Required action: Locate, in the data below, the line that contains "X99006882Y-55779432D01*" and the line that contains "X88784459Y-74022891D02*"; reproduce exactly those two lines and every line between them, nothing more.

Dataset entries
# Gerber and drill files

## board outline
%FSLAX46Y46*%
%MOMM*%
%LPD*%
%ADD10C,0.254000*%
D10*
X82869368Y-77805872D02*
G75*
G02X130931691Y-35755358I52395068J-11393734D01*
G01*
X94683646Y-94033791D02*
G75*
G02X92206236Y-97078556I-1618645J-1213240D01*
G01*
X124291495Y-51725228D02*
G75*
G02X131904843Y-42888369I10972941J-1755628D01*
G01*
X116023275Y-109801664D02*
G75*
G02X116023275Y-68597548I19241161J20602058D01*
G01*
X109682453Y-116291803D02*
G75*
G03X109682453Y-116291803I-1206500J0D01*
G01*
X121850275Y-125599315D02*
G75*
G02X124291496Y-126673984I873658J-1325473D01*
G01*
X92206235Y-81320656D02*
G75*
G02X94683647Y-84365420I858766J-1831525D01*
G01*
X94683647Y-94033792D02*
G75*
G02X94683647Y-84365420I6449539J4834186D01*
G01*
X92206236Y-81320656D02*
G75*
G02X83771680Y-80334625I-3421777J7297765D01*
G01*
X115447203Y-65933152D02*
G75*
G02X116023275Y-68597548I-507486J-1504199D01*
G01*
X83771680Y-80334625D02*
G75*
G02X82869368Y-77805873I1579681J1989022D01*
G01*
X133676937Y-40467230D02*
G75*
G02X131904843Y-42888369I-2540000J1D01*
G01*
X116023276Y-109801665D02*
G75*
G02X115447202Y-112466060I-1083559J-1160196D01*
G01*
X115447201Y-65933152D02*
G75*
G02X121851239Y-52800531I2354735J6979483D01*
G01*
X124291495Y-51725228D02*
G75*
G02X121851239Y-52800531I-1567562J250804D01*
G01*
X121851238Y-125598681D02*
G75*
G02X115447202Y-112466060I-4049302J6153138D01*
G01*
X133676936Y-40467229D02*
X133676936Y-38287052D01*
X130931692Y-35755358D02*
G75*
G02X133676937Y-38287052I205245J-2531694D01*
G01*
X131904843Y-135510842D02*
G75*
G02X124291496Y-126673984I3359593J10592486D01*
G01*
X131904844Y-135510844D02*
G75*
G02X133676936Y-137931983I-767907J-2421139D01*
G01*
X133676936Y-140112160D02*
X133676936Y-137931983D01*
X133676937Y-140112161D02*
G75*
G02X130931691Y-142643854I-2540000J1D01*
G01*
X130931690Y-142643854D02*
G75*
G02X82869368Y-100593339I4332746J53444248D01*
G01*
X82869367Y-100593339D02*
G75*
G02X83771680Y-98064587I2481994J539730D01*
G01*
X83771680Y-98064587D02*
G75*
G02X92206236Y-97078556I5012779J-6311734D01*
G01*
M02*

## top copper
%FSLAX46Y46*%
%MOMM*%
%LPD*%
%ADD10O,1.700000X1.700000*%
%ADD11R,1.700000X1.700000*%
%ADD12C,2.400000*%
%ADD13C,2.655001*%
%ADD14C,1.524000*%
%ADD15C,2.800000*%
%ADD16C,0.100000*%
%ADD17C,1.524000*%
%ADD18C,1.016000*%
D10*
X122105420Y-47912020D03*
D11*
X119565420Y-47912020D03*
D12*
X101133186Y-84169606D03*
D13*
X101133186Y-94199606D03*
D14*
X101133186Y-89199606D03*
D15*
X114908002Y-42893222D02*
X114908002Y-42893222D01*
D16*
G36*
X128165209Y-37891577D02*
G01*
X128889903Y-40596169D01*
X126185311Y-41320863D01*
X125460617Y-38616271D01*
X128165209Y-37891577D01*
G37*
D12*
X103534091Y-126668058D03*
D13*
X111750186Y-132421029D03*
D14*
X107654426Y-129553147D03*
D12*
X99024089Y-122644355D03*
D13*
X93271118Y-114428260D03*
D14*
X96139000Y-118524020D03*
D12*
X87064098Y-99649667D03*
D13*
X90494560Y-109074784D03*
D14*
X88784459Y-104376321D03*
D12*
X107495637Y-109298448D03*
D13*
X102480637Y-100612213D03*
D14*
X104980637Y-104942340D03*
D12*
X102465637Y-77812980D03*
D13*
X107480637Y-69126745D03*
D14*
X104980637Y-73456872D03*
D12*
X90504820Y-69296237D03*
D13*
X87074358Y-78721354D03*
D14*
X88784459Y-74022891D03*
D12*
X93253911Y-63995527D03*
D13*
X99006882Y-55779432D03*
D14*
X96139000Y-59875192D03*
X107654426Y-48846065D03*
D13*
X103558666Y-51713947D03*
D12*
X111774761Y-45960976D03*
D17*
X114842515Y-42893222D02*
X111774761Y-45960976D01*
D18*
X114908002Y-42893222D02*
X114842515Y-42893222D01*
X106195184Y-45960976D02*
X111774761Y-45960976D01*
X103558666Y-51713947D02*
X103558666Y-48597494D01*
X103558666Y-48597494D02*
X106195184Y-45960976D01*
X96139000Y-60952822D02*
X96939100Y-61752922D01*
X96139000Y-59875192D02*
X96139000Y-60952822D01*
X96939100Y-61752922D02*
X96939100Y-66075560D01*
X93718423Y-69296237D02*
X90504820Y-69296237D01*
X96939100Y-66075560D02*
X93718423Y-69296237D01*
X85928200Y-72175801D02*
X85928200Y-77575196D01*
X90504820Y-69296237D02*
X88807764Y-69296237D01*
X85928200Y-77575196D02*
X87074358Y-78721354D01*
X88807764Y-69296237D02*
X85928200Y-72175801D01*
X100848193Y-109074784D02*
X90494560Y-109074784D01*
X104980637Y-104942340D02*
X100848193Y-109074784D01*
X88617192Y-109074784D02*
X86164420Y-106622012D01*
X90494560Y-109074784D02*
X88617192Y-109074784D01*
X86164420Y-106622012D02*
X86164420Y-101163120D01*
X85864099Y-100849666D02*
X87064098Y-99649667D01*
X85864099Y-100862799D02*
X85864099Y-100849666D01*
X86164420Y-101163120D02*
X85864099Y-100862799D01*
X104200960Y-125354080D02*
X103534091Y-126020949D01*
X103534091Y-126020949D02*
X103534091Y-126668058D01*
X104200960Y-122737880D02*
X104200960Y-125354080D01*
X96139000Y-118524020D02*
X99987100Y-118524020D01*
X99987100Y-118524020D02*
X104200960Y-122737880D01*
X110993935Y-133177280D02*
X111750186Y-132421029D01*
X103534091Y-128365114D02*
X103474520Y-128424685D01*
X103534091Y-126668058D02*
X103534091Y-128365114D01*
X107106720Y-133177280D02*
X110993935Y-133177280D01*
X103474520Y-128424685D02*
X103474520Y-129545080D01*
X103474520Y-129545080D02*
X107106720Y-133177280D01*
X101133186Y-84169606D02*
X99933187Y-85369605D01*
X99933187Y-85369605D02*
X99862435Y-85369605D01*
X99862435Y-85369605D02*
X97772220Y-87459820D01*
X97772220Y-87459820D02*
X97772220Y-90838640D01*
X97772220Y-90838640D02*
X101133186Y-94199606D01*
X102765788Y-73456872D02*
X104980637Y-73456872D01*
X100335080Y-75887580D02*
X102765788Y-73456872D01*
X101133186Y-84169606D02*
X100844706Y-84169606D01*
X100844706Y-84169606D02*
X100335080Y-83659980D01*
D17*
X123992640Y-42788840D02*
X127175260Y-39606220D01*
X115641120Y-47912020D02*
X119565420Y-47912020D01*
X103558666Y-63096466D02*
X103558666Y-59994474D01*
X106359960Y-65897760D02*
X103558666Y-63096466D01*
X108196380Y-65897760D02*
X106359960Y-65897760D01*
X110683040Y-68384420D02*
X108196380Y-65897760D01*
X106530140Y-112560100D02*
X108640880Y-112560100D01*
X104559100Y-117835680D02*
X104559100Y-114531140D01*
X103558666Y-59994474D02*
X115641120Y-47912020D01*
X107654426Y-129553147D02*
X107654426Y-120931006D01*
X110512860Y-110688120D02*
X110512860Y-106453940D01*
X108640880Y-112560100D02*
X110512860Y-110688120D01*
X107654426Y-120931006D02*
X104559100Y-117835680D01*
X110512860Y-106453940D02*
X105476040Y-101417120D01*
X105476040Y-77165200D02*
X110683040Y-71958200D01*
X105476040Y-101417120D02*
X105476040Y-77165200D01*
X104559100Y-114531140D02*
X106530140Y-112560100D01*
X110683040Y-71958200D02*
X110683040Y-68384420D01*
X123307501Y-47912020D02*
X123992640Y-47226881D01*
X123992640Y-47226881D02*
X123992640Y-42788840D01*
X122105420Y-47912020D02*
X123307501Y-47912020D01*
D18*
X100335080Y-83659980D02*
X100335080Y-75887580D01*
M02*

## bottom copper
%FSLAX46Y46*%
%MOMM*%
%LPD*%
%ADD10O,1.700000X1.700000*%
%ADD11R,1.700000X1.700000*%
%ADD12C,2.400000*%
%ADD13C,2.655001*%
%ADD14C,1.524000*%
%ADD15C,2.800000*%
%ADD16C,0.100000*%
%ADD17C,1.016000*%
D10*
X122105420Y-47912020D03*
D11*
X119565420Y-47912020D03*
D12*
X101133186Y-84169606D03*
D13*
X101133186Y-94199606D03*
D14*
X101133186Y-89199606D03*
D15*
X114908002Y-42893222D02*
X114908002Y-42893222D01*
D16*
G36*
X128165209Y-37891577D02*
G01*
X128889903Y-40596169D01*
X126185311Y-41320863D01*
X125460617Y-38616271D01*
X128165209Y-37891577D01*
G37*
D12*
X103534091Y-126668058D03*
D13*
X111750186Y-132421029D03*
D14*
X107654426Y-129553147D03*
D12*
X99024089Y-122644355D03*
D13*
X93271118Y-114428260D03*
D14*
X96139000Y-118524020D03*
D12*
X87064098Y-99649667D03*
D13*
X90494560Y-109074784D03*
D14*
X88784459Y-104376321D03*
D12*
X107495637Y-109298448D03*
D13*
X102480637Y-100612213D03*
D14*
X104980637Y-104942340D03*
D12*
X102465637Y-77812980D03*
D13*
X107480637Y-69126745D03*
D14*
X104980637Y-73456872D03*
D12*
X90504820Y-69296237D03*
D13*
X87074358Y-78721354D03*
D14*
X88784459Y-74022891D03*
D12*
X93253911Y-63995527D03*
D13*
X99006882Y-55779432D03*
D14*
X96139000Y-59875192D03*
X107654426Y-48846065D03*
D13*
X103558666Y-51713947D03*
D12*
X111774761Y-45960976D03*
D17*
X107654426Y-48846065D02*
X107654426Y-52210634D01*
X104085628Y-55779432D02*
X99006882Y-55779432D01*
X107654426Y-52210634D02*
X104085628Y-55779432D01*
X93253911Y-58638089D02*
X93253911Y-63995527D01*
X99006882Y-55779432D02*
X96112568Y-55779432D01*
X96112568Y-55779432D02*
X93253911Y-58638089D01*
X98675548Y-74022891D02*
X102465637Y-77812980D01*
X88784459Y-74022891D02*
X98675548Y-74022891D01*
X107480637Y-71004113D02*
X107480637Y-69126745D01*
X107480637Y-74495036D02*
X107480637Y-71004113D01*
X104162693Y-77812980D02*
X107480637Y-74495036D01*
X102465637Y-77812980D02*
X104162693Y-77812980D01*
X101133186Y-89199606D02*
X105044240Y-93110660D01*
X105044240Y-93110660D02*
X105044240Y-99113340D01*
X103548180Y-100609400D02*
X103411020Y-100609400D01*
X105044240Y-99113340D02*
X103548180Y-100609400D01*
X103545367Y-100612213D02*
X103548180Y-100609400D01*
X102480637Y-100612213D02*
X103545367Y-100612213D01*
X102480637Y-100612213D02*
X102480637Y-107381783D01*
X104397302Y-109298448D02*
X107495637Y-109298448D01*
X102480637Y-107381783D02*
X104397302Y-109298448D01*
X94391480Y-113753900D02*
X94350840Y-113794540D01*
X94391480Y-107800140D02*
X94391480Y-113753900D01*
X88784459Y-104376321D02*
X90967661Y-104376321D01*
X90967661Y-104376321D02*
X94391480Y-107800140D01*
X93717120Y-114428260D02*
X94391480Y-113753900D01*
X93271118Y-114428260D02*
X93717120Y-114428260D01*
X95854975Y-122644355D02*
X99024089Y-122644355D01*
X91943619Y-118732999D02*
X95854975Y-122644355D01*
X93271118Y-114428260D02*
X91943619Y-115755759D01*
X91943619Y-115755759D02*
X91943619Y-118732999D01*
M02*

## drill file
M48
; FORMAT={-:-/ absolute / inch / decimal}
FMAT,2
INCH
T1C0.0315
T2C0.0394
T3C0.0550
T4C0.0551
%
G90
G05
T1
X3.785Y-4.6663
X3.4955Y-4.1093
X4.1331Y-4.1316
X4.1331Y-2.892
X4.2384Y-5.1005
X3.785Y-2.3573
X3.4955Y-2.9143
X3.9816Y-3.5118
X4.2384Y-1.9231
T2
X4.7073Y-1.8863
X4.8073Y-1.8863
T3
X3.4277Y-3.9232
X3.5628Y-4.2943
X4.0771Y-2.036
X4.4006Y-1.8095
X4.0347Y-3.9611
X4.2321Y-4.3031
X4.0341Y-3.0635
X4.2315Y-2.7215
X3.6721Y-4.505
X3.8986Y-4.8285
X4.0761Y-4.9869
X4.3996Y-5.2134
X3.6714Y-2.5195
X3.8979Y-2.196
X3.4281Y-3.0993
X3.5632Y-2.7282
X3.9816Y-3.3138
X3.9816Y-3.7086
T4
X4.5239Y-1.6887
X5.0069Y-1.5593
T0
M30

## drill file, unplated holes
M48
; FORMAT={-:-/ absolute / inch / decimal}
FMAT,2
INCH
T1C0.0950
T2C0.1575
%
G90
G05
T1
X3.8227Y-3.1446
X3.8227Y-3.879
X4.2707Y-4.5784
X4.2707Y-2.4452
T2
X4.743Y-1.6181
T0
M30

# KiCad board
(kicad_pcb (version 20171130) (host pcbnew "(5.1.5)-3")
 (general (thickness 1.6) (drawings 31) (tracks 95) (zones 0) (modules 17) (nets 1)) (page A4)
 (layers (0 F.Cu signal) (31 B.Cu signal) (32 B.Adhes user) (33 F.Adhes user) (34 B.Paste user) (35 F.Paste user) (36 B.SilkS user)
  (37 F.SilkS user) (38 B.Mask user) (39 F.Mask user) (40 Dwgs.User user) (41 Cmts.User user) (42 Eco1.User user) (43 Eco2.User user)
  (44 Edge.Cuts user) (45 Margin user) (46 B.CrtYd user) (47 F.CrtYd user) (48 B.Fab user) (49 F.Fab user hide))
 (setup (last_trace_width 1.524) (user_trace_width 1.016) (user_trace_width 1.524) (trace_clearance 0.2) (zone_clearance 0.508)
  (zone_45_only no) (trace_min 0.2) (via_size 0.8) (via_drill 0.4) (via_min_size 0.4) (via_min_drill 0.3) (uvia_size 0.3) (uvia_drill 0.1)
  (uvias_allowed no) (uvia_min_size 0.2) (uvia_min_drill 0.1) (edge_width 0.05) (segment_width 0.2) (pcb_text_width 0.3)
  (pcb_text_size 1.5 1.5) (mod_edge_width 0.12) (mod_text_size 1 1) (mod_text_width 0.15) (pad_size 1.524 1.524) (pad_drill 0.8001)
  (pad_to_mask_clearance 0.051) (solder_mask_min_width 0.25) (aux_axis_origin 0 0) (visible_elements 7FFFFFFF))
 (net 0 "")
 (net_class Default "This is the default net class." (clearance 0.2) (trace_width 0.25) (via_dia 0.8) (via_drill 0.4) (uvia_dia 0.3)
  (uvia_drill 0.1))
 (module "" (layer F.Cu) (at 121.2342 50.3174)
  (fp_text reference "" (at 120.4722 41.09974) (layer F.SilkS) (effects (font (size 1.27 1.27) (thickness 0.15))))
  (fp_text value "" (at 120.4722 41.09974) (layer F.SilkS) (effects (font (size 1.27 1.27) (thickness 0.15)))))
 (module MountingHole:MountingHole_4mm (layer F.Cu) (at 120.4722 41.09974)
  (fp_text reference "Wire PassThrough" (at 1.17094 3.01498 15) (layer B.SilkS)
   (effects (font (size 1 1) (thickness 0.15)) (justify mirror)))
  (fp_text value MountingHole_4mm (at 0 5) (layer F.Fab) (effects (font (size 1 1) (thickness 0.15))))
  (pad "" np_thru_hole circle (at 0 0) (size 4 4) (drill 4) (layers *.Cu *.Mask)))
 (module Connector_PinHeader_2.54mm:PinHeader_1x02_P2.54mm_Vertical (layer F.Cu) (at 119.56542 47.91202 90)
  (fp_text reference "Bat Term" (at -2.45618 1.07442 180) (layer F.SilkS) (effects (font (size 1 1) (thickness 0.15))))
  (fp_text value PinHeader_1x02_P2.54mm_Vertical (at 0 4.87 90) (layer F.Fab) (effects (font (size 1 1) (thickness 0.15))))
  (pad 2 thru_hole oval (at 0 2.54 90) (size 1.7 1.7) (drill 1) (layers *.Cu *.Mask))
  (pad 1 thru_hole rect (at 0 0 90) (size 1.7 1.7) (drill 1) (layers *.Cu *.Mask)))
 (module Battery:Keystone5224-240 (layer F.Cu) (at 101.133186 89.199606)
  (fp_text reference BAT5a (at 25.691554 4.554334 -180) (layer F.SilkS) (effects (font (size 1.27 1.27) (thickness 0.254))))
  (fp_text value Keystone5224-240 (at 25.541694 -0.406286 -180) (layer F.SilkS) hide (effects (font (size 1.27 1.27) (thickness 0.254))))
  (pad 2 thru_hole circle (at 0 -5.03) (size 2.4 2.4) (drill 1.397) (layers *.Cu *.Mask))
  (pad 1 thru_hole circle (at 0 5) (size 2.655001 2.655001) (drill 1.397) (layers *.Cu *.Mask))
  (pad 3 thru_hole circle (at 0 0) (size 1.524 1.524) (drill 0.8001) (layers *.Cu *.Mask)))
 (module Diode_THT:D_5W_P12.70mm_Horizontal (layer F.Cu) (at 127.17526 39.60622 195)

Result of this task:
X99006882Y-55779432D01*
X107654426Y-52210634D02*
X104085628Y-55779432D01*
X93253911Y-58638089D02*
X93253911Y-63995527D01*
X99006882Y-55779432D02*
X96112568Y-55779432D01*
X96112568Y-55779432D02*
X93253911Y-58638089D01*
X98675548Y-74022891D02*
X102465637Y-77812980D01*
X88784459Y-74022891D02*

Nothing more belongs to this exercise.